# Fire safing



## Jseigla (Apr 21, 2009)

What's the cheapest route for fire safing a slab edge at a curtian wall by-pass condition while still complying with the standards set by UL 2079? All the "systems" I have looked into are 2 part systems where you have to fill the void with safing insulation and then spray on a sealant over top. I'm not sure if there are other means and methods out there.


----------



## XanadooLTD (Oct 6, 2007)

check out hilti.com. You can use the site to contact Hilti directly or you can find a local rep. They can come out to the site and go over options with you. You can also see different options of their supplies on that site also. good luck


----------



## TracyMC (Oct 15, 2008)

Jseigla said:


> What's the cheapest route for fire safing a slab edge at a curtian wall by-pass condition while still complying with the standards set by UL 2079? All the "systems" I have looked into are 2 part systems where you have to fill the void with safing insulation and then spray on a sealant over top. I'm not sure if there are other means and methods out there.


J
If your curtainwall is dynamic (Clipped off to slab edge w/SLS clips) the only real viable option you have to meet the UL for firestopping w/ deflection. If it is static there are a couple other options, but hands down filling the void w/ 4# safing and spraying it tight is the most cost effective method. Being in the GWB trade you already have the equiptment to do it, and a compentent spray guy and an apprentice to mess with cutting the safing.you can easily do a couple 1000 lnft a day w/ 2 guys.

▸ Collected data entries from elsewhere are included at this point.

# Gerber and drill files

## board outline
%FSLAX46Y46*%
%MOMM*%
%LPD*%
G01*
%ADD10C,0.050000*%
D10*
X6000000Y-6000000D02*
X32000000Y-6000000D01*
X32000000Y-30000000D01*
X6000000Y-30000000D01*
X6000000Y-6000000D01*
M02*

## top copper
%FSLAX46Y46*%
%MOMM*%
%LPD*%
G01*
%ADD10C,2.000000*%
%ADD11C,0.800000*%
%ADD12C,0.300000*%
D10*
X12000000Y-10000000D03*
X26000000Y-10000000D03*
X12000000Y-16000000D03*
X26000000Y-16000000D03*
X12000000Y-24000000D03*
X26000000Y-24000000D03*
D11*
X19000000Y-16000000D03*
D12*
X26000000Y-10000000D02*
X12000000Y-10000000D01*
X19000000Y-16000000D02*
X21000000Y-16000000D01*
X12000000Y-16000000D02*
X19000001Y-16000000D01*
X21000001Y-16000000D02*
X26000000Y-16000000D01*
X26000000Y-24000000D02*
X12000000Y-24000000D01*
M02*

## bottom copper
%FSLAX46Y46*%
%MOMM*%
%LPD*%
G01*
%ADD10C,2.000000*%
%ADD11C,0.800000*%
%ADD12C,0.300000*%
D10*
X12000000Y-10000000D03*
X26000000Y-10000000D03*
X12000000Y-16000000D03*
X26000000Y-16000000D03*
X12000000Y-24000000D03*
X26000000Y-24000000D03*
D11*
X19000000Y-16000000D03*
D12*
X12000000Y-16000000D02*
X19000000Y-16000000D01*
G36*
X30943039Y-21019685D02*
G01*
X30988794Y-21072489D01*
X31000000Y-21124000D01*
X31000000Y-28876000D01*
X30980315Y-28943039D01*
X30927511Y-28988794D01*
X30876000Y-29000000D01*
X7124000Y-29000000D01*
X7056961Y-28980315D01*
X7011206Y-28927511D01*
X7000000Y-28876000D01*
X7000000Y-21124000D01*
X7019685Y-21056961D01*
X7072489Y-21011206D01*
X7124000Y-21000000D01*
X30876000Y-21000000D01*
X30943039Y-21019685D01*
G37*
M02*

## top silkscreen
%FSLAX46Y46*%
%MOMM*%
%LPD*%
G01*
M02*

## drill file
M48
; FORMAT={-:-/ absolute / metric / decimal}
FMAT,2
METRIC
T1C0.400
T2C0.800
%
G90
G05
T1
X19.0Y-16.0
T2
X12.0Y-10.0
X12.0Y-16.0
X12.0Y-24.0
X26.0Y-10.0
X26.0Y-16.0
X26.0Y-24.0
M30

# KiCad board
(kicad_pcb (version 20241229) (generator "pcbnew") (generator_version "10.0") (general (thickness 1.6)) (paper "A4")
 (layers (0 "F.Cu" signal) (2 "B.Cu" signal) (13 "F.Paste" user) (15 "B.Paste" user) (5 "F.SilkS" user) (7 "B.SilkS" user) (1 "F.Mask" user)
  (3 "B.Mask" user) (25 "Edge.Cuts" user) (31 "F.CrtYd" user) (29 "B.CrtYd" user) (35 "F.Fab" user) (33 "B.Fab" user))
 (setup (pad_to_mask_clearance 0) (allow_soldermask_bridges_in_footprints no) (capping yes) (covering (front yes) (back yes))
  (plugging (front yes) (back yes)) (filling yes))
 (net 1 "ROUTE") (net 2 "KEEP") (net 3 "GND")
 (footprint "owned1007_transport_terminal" (layer "F.Cu") (at 12 10)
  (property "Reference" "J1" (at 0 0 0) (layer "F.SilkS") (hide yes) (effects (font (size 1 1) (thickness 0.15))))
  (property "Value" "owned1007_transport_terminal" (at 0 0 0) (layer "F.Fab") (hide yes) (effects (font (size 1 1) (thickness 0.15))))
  (pad "1" thru_hole circle (at 0 0) (size 2 2) (drill 0.8) (layers "*.Cu" "*.Mask") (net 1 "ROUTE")))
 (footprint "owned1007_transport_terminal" (layer "F.Cu") (at 26 10)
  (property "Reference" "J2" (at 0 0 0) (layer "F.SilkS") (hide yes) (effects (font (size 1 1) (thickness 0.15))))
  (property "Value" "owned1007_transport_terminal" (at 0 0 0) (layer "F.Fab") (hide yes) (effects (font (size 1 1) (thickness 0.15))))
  (pad "1" thru_hole circle (at 0 0) (size 2 2) (drill 0.8) (layers "*.Cu" "*.Mask") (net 1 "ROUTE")))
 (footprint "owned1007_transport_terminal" (layer "F.Cu") (at 12 16)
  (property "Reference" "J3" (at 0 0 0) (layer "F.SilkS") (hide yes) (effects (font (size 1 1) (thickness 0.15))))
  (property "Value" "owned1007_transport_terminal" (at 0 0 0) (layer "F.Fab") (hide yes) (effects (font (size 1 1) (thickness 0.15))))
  (pad "1" thru_hole circle (at 0 0) (size 2 2) (drill 0.8) (layers "*.Cu" "*.Mask") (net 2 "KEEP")))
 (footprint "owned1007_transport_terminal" (layer "F.Cu") (at 26 16)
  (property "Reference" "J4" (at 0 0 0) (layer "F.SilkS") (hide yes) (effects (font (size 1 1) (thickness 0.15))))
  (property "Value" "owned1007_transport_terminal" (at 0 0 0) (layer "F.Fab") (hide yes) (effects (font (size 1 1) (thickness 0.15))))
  (pad "1" thru_hole circle (at 0 0) (size 2 2) (drill 0.8) (layers "*.Cu" "*.Mask") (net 2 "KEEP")))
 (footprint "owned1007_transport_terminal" (layer "F.Cu") (at 12 24)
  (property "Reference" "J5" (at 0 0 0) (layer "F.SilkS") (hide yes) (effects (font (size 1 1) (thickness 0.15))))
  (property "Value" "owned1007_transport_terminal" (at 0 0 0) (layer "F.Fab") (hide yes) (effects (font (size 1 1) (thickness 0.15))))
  (pad "1" thru_hole circle (at 0 0) (size 2 2) (drill 0.8) (layers "*.Cu" "*.Mask") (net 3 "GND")))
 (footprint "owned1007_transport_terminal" (layer "F.Cu") (at 26 24)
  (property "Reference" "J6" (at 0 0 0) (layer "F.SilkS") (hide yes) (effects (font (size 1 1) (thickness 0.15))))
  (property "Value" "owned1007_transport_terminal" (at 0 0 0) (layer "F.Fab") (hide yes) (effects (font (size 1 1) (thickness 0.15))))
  (pad "1" thru_hole circle (at 0 0) (size 2 2) (drill 0.8) (layers "*.Cu" "*.Mask") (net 3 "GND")))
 (gr_rect (start 6 6) (end 32 30) (stroke (width 0.05) (type default)) (fill none) (layer "Edge.Cuts"))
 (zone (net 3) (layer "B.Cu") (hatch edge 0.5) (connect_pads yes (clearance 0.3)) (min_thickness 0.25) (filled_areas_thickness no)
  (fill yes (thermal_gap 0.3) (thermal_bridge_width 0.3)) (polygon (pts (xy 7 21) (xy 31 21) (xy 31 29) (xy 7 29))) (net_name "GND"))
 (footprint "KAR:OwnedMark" (layer "F.Cu") (at 10 28)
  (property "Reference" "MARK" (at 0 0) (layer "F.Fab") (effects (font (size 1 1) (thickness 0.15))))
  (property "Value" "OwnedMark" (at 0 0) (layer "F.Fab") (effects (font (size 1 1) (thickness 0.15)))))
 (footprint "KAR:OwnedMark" (layer "F.Cu") (at 13 28)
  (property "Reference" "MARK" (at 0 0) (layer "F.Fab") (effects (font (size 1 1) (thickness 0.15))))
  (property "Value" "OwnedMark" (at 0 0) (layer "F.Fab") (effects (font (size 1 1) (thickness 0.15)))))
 (segment (start 26 10) (end 12 10) (width 0.3) (layer "F.Cu") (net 1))
 (segment (start 19 16) (end 21 16) (width 0.3) (layer "F.Cu") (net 2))
 (segment (start 12 16) (end 19.000001 16) (width 0.3) (layer "F.Cu") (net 2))
 (segment (start 21.000001 16) (end 26 16) (width 0.3) (layer "F.Cu") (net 2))
 (via (at 19 16) (size 0.8) (drill 0.4) (layers "F.Cu" "B.Cu") (free yes) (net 2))
 (segment (start 12 16) (end 19 16) (width 0.3) (layer "B.Cu") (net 2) (locked yes))
 (segment (start 26 24) (end 12 24) (width 0.3) (layer "F.Cu") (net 3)))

PM me if you want more answers or suggestions, we deal w/ this situation all the time. 3M is a good option as well as Hilti both have great engineering depts. and product it all just depends on support in your market area.
Trace.:thumbsup:


----------



## Jseigla (Apr 21, 2009)

There are a few different conditions on the facade. We are connecting the bypass conditions with both rigid clips and slip clips depending on the location. After looking into the different systems in the UL book I've figured out what components would be most cost effective, only issue now would be that the tests call for welded angles or connections rather than being connected by PAF's. I would like to think there's a test out there where I can shoot the clips to the steel rather than welding to the steel. Our shop drawings show our light gauge attached by PAF's as well. This job is in old towne alexandria va .


----------